Miriam looked away. “We give a lot to charity and the church.”
“Of course you do. Seth Lambright is jealous, plain and simple.” Ephraim tucked a lock of his hair behind his ear. “Why does it bother you? Instead, you should count your blessings that you aren’t one of them. I thank the good Lord every day that I was born into my family, not an unfortunate one like Seth Lambright’s.”
“He says I think I’m too good for him.”
“Don’t let him make you feel ashamed about that. Some families
better than others. His dat will never be bishop or even minister, sure as you’re born.”
Miriam wasn’t quite as pleased with Ephraim’s reasoning as she wanted to be. She almost contradicted him. Weren’t all people equal in the sight of God? Surely Seth Lambright, who kept to himself and had lost his poor mother five years ago, was as good as Ephraim Neuenschwander, a minister’s son. Wasn’t he?
“I don’t want to talk about Seth Lambright,” Ephraim said. “I want to talk about my plans for a blissful future. Two and a half years from now in November sounds like a wonderful time for a wedding, don’t you think?”
Miriam tried to hide her disappointment behind a wan smile. “But you said we would marry next year. I’m almost nineteen years old.”
“I overheard Bishop Schwartz and my dat speaking of it yesterday. Young people rush into marriage, letting their eagerness overtake their self-control. The bishop specifically mentioned your cousin Rebecca, who married only two weeks after getting engaged. And in April too.”
“Some would say they are so much in love, they just couldn’t wait to be together.” In fact, it was Miriam’s dream of an ideal love story. She’d stayed up until midnight for two weeks straight to make Rebecca’s wedding quilt. Just because most Amish couples said vows in November or December, was it really so terrible that Rebecca and Levi married in April?
“You wouldn’t believe how many tongues waggled because of it,” Ephraim said. “The bishop said that young people should carefully plan and prepare before taking such a big step.”
Miriam hesitated. Rebecca and Levi’s sudden decision had started gossip in Apple Lake by people who were appalled that they had broken with long-standing traditions. Miriam would hate to have her marriage cast in a bad light from the beginning. “I would not want to go against the bishop’s counsel. If you think waiting is best—”
“I do. And so does my dat. It will give us more time to earn money for a house. Bishop Schwartz says a couple should be financially stable.”
“That is sound advice. I will make more quilts to sell.”

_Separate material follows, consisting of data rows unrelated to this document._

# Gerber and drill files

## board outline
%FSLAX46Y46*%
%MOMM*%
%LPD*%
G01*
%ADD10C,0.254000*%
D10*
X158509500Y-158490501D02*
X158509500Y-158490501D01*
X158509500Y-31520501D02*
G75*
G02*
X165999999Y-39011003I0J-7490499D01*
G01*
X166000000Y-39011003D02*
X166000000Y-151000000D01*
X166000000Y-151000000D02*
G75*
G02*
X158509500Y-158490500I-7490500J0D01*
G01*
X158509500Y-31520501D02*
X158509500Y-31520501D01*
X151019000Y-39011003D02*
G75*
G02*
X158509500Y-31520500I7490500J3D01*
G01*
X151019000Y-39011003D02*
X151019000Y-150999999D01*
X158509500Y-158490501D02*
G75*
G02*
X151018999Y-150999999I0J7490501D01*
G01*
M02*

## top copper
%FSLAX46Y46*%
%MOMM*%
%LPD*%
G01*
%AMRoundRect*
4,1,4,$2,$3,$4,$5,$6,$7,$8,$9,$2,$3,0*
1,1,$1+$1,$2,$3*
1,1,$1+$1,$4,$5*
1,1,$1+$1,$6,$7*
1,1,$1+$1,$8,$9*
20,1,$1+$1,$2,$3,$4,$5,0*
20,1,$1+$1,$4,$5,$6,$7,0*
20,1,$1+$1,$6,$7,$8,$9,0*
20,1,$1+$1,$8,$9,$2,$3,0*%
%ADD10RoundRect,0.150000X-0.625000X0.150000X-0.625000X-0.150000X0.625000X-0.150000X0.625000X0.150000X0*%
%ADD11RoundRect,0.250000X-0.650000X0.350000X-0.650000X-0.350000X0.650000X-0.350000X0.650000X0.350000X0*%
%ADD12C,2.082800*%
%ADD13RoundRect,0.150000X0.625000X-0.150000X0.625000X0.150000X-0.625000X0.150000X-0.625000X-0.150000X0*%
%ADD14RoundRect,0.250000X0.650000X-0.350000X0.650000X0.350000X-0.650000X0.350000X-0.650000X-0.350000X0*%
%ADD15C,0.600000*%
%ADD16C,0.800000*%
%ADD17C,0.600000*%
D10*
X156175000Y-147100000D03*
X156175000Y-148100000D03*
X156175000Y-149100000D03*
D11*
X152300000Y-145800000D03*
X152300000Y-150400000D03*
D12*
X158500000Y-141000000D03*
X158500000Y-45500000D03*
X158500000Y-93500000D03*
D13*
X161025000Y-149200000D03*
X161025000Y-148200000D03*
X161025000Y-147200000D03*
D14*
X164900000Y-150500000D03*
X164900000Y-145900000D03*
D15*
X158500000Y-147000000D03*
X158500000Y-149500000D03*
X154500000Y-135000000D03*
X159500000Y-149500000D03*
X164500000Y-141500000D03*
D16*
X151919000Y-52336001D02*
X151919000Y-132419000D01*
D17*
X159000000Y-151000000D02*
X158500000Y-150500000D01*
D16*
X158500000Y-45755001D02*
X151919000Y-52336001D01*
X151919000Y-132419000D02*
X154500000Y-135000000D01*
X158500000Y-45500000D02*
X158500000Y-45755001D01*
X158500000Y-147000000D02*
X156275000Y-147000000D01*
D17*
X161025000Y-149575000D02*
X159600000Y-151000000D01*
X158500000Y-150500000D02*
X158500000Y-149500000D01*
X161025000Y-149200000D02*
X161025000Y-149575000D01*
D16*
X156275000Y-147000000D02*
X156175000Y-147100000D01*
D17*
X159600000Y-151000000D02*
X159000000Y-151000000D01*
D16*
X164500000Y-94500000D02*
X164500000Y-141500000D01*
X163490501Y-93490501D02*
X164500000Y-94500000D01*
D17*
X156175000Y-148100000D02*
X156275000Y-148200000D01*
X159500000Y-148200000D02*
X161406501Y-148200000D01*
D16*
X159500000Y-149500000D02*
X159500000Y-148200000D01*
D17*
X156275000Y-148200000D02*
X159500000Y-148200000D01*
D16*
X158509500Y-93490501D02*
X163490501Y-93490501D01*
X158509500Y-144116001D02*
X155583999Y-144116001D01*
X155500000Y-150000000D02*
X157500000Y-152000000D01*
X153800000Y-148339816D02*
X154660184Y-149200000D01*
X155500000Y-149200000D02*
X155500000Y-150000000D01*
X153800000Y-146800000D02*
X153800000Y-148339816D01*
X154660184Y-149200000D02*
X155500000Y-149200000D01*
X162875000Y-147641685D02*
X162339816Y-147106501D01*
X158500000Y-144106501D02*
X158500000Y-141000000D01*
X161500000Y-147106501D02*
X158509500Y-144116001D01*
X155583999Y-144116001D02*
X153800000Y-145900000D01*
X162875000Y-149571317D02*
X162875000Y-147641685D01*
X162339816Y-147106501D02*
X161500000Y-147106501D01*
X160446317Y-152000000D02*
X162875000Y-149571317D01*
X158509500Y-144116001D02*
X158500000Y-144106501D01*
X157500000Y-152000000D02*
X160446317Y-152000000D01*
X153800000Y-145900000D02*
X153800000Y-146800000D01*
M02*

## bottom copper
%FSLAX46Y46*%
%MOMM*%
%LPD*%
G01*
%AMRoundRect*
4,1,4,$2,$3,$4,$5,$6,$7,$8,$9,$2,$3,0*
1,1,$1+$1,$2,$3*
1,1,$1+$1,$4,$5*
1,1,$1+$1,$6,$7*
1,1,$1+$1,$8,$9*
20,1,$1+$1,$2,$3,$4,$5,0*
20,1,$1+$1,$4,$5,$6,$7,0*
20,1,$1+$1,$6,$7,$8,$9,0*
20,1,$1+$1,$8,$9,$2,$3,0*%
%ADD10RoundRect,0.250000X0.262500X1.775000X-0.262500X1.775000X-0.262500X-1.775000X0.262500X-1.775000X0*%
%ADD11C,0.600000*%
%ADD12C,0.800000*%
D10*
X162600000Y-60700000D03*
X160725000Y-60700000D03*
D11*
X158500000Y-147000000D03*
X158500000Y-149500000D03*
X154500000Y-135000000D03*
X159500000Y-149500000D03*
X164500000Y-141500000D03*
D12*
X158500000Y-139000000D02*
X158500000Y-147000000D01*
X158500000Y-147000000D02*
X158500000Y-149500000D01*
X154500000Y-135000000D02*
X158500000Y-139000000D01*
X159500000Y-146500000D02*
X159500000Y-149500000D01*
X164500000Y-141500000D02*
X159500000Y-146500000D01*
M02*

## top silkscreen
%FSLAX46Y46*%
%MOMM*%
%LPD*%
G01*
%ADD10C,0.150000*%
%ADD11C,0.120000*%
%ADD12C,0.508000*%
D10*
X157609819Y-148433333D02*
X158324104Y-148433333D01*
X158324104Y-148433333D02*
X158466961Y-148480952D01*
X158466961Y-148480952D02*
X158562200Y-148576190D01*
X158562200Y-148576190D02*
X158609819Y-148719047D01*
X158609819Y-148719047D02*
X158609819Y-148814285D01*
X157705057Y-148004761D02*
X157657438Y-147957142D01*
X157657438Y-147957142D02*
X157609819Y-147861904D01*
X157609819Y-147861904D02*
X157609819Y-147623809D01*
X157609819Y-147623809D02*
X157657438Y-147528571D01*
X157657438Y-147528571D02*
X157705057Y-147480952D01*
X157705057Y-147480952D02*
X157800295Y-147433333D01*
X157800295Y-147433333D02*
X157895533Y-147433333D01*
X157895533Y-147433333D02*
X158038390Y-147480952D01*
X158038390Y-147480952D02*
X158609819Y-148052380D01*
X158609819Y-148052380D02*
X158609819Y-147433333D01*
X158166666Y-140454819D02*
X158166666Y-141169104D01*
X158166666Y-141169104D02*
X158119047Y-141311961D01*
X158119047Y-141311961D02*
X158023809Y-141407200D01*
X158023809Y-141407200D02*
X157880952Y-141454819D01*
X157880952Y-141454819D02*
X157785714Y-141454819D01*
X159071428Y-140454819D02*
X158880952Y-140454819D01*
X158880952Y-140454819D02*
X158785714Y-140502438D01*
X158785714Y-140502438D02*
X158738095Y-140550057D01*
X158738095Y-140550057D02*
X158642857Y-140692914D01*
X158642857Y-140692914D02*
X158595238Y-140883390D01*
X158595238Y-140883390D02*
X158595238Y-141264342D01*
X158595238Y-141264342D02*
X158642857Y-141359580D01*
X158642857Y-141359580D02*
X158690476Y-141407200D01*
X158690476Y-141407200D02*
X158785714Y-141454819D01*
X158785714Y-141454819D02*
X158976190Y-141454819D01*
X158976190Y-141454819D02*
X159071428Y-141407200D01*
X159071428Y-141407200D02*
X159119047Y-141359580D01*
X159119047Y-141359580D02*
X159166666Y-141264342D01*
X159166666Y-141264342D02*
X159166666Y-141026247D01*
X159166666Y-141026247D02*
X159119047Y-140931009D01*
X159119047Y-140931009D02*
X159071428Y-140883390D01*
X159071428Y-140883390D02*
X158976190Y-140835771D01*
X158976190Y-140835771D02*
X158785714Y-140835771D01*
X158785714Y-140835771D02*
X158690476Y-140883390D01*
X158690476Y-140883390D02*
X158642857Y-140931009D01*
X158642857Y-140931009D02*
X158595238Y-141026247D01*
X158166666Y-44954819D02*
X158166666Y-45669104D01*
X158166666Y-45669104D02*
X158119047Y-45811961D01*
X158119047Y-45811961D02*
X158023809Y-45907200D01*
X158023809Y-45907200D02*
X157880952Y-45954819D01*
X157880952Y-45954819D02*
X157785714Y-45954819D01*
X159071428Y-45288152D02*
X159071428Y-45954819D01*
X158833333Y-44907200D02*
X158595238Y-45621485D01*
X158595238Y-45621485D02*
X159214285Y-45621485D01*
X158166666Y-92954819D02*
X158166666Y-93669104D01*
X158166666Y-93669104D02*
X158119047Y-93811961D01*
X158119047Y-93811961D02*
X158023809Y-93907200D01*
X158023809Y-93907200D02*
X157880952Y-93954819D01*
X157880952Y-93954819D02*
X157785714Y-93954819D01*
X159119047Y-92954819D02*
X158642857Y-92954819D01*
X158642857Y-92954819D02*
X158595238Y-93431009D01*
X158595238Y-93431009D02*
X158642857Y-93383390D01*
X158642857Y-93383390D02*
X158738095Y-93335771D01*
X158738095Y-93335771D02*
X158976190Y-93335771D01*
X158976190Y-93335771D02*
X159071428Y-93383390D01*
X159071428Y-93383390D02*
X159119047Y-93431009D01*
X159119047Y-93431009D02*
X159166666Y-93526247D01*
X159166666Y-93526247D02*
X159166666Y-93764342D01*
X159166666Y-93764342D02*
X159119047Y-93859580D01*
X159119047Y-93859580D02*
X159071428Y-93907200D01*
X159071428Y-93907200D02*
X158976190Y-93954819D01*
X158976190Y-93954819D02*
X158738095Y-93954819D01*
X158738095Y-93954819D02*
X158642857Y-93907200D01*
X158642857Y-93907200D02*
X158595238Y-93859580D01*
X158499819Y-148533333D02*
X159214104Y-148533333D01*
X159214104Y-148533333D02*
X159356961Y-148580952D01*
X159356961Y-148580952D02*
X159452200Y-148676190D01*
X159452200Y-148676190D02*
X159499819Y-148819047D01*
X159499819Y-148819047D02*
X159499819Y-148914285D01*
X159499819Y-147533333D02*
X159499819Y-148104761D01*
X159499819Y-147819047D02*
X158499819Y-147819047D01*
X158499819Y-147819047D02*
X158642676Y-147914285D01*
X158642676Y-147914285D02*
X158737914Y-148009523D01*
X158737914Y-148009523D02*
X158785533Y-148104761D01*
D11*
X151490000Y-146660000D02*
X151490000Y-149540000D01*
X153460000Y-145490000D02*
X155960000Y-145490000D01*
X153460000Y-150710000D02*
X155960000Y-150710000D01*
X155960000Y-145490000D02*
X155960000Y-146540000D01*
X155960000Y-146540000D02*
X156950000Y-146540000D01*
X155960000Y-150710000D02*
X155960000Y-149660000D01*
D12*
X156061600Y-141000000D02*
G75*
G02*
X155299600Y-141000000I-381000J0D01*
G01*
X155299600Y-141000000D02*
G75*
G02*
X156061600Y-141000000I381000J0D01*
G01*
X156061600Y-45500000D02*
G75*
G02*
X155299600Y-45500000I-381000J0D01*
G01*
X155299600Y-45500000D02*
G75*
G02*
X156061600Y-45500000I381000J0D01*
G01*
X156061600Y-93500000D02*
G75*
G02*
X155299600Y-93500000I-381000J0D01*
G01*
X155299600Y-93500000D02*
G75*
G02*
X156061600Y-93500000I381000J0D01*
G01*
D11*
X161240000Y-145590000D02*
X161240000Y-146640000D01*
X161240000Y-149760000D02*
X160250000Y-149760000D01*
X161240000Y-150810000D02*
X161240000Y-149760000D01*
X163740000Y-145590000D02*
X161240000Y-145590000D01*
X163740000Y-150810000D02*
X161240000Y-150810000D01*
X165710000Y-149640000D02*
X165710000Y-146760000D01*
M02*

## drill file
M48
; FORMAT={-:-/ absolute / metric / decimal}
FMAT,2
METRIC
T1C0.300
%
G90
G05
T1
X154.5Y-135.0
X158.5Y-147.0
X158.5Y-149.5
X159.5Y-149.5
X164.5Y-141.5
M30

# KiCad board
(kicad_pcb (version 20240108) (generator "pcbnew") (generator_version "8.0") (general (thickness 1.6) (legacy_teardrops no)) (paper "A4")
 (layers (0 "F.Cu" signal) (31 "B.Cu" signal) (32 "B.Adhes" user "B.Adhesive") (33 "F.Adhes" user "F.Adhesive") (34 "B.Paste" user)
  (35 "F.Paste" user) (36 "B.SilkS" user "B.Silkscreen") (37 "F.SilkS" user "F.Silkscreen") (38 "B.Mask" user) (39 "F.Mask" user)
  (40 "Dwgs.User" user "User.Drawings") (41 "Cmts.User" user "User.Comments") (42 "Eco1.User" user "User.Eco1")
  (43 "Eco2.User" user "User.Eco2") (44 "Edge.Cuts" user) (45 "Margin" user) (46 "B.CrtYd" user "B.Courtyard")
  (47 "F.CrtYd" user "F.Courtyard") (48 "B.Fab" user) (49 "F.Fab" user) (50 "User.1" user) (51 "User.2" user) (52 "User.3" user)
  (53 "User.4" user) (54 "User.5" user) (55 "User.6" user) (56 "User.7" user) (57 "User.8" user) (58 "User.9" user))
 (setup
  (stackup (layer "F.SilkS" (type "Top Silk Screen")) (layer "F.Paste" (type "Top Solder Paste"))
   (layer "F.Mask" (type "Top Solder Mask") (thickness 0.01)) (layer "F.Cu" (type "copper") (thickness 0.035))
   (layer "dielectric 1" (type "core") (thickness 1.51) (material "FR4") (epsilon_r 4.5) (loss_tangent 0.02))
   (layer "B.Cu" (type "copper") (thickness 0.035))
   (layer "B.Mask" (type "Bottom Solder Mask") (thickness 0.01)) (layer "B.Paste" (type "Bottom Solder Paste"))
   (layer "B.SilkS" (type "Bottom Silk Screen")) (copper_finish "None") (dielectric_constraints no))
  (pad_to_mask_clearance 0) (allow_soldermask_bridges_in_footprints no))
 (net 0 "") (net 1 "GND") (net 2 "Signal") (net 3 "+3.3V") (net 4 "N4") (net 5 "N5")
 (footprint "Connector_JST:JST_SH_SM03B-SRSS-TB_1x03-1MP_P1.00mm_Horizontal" (layer "F.Cu") (at 154.175 148.1 -90)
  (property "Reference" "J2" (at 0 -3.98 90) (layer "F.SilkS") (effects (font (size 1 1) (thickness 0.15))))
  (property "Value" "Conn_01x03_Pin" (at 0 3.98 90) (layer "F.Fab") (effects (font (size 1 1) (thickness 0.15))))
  (fp_line (start -1.44 2.685) (end 1.44 2.685) (stroke (width 0.12) (type solid)) (layer "F.SilkS"))
  (fp_line (start -2.61 0.715) (end -2.61 -1.785) (stroke (width 0.12) (type solid)) (layer "F.SilkS"))
  (fp_line (start 2.61 0.715) (end 2.61 -1.785) (stroke (width 0.12) (type solid)) (layer "F.SilkS"))
  (fp_line (start -2.61 -1.785) (end -1.56 -1.785) (stroke (width 0.12) (type solid)) (layer "F.SilkS"))
  (fp_line (start -1.56 -1.785) (end -1.56 -2.775) (stroke (width 0.12) (type solid)) (layer "F.SilkS"))
  (fp_line (start 2.61 -1.785) (end 1.56 -1.785) (stroke (width 0.12) (type solid)) (layer "F.SilkS"))
  (pad "1" smd roundrect (at -1 -2 270) (size 0.6 1.55) (layers "F.Cu" "F.Paste" "F.Mask") (roundrect_rratio 0.25) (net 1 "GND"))
  (pad "2" smd roundrect (at 0 -2 270) (size 0.6 1.55) (layers "F.Cu" "F.Paste" "F.Mask") (roundrect_rratio 0.25) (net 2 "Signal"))
  (pad "3" smd roundrect (at 1 -2 270) (size 0.6 1.55) (layers "F.Cu" "F.Paste" "F.Mask") (roundrect_rratio 0.25) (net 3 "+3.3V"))
  (pad "MP" smd roundrect (at -2.3 1.875 270) (size 1.2 1.8) (layers "F.Cu" "F.Paste" "F.Mask") (roundrect_rratio 0.208333))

The extra time would also allow her to make the most beautiful quilt of all for her almost-fiancé. They wouldn’t be officially engaged for more than two years. Miriam let a sigh escape her lips.
“We could make thousands of dollars from your quilts.”
Miriam thought of the Haiti Mission Fund. Maybe she could set aside a little of that money for her marriage. As the bishop had said, she and Ephraim must carefully plan and prepare for their life together. A life of bliss and love and financial stability.